::: Entries provided

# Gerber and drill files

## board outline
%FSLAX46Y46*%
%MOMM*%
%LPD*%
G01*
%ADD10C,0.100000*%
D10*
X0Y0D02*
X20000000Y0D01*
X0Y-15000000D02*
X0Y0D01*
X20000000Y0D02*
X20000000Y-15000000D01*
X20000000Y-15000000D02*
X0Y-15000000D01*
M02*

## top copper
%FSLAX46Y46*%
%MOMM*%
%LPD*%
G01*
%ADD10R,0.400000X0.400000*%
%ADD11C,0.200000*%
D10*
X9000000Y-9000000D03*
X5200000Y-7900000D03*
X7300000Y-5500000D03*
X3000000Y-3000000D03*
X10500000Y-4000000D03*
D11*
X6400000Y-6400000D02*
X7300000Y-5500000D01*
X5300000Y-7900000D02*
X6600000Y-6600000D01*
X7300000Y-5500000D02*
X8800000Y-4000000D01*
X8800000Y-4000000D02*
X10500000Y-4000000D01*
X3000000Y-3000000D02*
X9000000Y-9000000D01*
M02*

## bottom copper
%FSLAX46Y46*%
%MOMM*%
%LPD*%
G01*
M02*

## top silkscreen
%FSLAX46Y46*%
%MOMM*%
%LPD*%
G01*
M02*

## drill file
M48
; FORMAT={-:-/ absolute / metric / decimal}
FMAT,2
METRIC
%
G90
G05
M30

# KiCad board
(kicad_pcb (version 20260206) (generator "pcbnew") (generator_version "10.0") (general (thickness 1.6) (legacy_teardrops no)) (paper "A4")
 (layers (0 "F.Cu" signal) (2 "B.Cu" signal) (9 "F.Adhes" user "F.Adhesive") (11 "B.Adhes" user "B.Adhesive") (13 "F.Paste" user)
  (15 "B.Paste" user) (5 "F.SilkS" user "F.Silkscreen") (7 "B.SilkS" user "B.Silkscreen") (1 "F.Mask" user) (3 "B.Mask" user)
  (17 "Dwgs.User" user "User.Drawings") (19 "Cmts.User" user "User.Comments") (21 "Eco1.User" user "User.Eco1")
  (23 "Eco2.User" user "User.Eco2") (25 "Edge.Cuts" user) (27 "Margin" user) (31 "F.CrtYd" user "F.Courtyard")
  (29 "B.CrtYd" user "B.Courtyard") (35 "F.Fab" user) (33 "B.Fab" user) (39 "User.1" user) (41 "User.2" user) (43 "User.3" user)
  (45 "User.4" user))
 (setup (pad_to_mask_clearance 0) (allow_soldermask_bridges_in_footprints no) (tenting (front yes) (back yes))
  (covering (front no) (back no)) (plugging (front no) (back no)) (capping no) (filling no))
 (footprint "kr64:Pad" (layer "F.Cu") (at 9 9)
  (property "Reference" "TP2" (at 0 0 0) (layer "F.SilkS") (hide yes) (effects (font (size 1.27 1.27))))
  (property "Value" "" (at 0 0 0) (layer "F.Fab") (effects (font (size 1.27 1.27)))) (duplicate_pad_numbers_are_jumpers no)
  (pad "1" smd rect (at 0 0) (size 0.4 0.4) (layers "F.Cu" "F.Mask" "F.Paste") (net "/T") (thermal_bridge_angle 45)))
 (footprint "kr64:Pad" (layer "F.Cu") (at 5.2 7.9)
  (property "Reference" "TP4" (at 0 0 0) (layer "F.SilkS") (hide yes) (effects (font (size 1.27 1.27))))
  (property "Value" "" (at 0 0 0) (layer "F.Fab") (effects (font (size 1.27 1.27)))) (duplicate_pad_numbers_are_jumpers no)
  (pad "1" smd rect (at 0 0) (size 0.4 0.4) (layers "F.Cu" "F.Mask" "F.Paste") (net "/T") (thermal_bridge_angle 45)))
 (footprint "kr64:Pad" (layer "F.Cu") (at 7.3 5.5)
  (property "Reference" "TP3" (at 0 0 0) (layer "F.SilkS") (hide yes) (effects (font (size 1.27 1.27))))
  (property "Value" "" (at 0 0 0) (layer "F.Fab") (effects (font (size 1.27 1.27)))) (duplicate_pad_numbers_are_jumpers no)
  (pad "1" smd rect (at 0 0) (size 0.4 0.4) (layers "F.Cu" "F.Mask" "F.Paste") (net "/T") (thermal_bridge_angle 45)))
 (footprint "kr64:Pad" (layer "F.Cu") (at 3 3)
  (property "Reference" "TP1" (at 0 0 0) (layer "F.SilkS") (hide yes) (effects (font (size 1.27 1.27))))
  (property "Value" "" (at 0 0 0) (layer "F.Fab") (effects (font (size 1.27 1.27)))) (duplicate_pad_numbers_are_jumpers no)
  (pad "1" smd rect (at 0 0) (size 0.4 0.4) (layers "F.Cu" "F.Mask" "F.Paste") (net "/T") (thermal_bridge_angle 45)))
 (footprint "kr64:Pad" (layer "F.Cu") (at 10.5 4)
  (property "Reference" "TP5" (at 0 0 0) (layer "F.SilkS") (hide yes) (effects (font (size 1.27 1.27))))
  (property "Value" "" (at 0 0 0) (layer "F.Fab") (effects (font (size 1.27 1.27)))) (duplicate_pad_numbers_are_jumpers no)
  (pad "1" smd rect (at 0 0) (size 0.4 0.4) (layers "F.Cu" "F.Mask" "F.Paste") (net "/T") (thermal_bridge_angle 45)))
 (gr_line (start 0 0) (end 20 0) (stroke (width 0.1) (type default)) (layer "Edge.Cuts"))
 (gr_line (start 0 15) (end 0 0) (stroke (width 0.1) (type default)) (layer "Edge.Cuts"))
 (gr_line (start 20 0) (end 20 15) (stroke (width 0.1) (type default)) (layer "Edge.Cuts"))
 (gr_line (start 20 15) (end 0 15) (stroke (width 0.1) (type default)) (layer "Edge.Cuts"))
 (segment (start 6.4 6.4) (end 7.3 5.5) (width 0.2) (layer "F.Cu") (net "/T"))
 (segment (start 5.3 7.9) (end 6.6 6.6) (width 0.2) (layer "F.Cu") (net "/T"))
 (segment (start 7.3 5.5) (end 8.8 4) (width 0.2) (layer "F.Cu") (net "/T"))
 (segment (start 8.8 4) (end 10.5 4) (width 0.2) (layer "F.Cu") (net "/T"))
 (segment (start 3 3) (end 9 9) (width 0.2) (layer "F.Cu") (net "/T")))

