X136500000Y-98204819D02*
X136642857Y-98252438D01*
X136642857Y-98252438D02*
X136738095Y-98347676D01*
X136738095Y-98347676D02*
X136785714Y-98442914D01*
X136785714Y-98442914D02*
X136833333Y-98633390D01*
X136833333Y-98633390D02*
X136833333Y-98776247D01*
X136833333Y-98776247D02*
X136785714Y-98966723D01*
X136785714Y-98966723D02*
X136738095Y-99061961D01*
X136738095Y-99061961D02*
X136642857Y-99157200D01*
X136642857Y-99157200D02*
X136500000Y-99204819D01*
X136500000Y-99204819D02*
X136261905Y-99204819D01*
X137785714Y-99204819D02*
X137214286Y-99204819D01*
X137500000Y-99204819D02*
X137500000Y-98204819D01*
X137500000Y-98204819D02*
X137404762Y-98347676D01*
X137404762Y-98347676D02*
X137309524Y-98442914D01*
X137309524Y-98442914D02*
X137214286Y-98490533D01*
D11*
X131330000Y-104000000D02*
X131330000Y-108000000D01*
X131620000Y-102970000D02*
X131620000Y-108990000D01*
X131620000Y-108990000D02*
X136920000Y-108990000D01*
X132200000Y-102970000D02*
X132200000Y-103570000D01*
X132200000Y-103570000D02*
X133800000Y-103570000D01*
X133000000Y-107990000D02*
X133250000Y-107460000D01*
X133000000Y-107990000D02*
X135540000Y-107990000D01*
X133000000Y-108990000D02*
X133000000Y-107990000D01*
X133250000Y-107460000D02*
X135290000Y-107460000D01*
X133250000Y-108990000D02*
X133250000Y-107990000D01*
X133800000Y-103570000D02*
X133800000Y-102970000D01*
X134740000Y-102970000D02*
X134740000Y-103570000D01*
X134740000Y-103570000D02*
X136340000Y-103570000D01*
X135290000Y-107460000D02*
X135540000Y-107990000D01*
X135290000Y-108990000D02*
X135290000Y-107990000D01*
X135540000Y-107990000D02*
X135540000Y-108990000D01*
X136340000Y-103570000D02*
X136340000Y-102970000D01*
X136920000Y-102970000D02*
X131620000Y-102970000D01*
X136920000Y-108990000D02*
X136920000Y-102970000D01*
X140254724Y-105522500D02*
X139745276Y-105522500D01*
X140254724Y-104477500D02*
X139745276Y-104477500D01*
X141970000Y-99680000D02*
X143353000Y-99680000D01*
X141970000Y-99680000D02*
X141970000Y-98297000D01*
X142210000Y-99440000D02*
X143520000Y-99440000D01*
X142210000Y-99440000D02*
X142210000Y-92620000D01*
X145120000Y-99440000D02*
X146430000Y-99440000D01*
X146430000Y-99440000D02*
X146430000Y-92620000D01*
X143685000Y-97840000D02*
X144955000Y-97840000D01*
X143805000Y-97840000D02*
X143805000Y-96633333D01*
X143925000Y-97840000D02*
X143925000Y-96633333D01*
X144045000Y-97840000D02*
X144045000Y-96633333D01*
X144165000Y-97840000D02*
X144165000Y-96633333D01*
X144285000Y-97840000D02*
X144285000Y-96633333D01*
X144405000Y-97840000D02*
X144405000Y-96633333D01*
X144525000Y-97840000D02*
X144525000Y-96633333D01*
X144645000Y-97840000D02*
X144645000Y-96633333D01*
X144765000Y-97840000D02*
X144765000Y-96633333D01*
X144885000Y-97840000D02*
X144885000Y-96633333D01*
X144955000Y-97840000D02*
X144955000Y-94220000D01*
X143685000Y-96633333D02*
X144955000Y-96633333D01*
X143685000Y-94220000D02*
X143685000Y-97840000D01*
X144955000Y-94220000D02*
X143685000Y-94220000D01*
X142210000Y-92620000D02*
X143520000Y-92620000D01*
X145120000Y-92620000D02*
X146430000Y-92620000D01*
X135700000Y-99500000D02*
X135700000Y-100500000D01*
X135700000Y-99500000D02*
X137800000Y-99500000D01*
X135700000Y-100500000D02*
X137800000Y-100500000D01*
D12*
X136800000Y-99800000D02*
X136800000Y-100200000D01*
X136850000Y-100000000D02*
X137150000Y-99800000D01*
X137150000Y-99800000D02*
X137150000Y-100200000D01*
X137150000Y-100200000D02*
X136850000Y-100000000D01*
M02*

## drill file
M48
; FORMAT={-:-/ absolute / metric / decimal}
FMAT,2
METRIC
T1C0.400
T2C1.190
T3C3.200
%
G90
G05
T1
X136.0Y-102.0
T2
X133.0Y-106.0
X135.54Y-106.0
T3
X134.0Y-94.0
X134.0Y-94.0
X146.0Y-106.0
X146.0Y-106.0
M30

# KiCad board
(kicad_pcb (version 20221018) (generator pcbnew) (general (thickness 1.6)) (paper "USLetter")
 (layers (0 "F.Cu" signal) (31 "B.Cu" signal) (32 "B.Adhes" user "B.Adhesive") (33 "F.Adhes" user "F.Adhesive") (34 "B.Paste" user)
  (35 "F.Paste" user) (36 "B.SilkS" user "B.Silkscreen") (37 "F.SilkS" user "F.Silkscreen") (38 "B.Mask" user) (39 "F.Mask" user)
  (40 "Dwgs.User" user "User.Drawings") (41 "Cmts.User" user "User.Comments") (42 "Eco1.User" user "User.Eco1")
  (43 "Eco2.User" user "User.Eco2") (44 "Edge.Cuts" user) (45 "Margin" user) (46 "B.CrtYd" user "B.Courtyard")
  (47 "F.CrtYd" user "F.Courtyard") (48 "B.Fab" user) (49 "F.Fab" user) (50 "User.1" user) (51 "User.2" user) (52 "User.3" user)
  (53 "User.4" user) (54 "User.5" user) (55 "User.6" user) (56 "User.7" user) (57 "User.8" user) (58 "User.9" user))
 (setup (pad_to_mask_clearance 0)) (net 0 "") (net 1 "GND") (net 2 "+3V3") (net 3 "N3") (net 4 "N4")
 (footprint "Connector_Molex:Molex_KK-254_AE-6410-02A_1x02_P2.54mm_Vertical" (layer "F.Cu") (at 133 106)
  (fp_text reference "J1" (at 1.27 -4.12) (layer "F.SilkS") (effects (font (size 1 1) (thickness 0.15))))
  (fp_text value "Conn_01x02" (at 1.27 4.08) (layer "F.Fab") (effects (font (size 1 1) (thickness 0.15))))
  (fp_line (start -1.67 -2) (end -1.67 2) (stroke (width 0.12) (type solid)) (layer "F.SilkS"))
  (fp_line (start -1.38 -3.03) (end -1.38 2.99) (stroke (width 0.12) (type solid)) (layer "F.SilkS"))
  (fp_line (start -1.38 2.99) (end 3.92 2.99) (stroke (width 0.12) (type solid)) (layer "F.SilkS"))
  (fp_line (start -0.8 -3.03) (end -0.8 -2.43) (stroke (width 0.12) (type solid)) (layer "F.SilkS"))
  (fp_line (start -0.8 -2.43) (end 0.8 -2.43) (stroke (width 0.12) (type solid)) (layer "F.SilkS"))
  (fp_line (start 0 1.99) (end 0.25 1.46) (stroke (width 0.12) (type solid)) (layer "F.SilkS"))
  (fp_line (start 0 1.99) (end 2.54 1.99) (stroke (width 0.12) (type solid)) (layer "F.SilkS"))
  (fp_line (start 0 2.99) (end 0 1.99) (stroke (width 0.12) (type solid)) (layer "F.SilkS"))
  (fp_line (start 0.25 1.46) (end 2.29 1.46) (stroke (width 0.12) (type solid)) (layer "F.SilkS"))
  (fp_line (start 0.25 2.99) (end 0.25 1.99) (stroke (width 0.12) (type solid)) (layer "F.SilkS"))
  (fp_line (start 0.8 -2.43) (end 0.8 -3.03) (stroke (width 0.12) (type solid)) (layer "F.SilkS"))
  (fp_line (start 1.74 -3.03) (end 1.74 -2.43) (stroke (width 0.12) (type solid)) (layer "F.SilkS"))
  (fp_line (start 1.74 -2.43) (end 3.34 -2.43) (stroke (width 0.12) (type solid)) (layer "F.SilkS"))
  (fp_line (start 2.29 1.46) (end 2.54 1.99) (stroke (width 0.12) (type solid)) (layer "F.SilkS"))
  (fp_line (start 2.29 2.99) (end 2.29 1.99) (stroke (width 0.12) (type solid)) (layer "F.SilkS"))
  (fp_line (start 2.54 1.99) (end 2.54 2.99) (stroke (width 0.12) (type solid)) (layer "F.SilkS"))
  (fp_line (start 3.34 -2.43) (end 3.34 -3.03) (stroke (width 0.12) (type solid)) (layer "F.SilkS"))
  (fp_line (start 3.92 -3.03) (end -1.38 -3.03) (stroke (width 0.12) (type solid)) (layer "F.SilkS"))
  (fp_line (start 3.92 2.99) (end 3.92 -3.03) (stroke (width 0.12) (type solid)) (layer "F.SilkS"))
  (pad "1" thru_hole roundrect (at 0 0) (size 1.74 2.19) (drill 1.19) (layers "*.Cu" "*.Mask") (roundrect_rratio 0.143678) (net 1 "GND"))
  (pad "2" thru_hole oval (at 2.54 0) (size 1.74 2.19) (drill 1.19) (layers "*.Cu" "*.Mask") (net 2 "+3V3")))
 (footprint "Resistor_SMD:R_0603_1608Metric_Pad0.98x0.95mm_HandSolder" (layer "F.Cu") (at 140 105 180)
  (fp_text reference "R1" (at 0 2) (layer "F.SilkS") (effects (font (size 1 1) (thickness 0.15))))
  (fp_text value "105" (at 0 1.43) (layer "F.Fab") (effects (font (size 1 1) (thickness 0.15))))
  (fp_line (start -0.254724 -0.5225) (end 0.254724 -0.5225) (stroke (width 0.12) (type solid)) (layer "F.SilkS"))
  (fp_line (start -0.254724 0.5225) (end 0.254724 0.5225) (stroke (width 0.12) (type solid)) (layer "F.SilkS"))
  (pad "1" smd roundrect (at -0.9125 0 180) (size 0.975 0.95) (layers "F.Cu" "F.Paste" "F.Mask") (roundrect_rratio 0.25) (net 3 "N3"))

::::::

Aim of the task:
A copy of each line above that holds the word "pcbnew" is the expected answer.

Exercise result:
(kicad_pcb (version 20260206) (generator "pcbnew") (generator_version "10.0") (general (thickness 1.6) (legacy_teardrops no)) (paper "A4")
(kicad_pcb (version 20221018) (generator pcbnew) (general (thickness 1.6)) (paper "USLetter")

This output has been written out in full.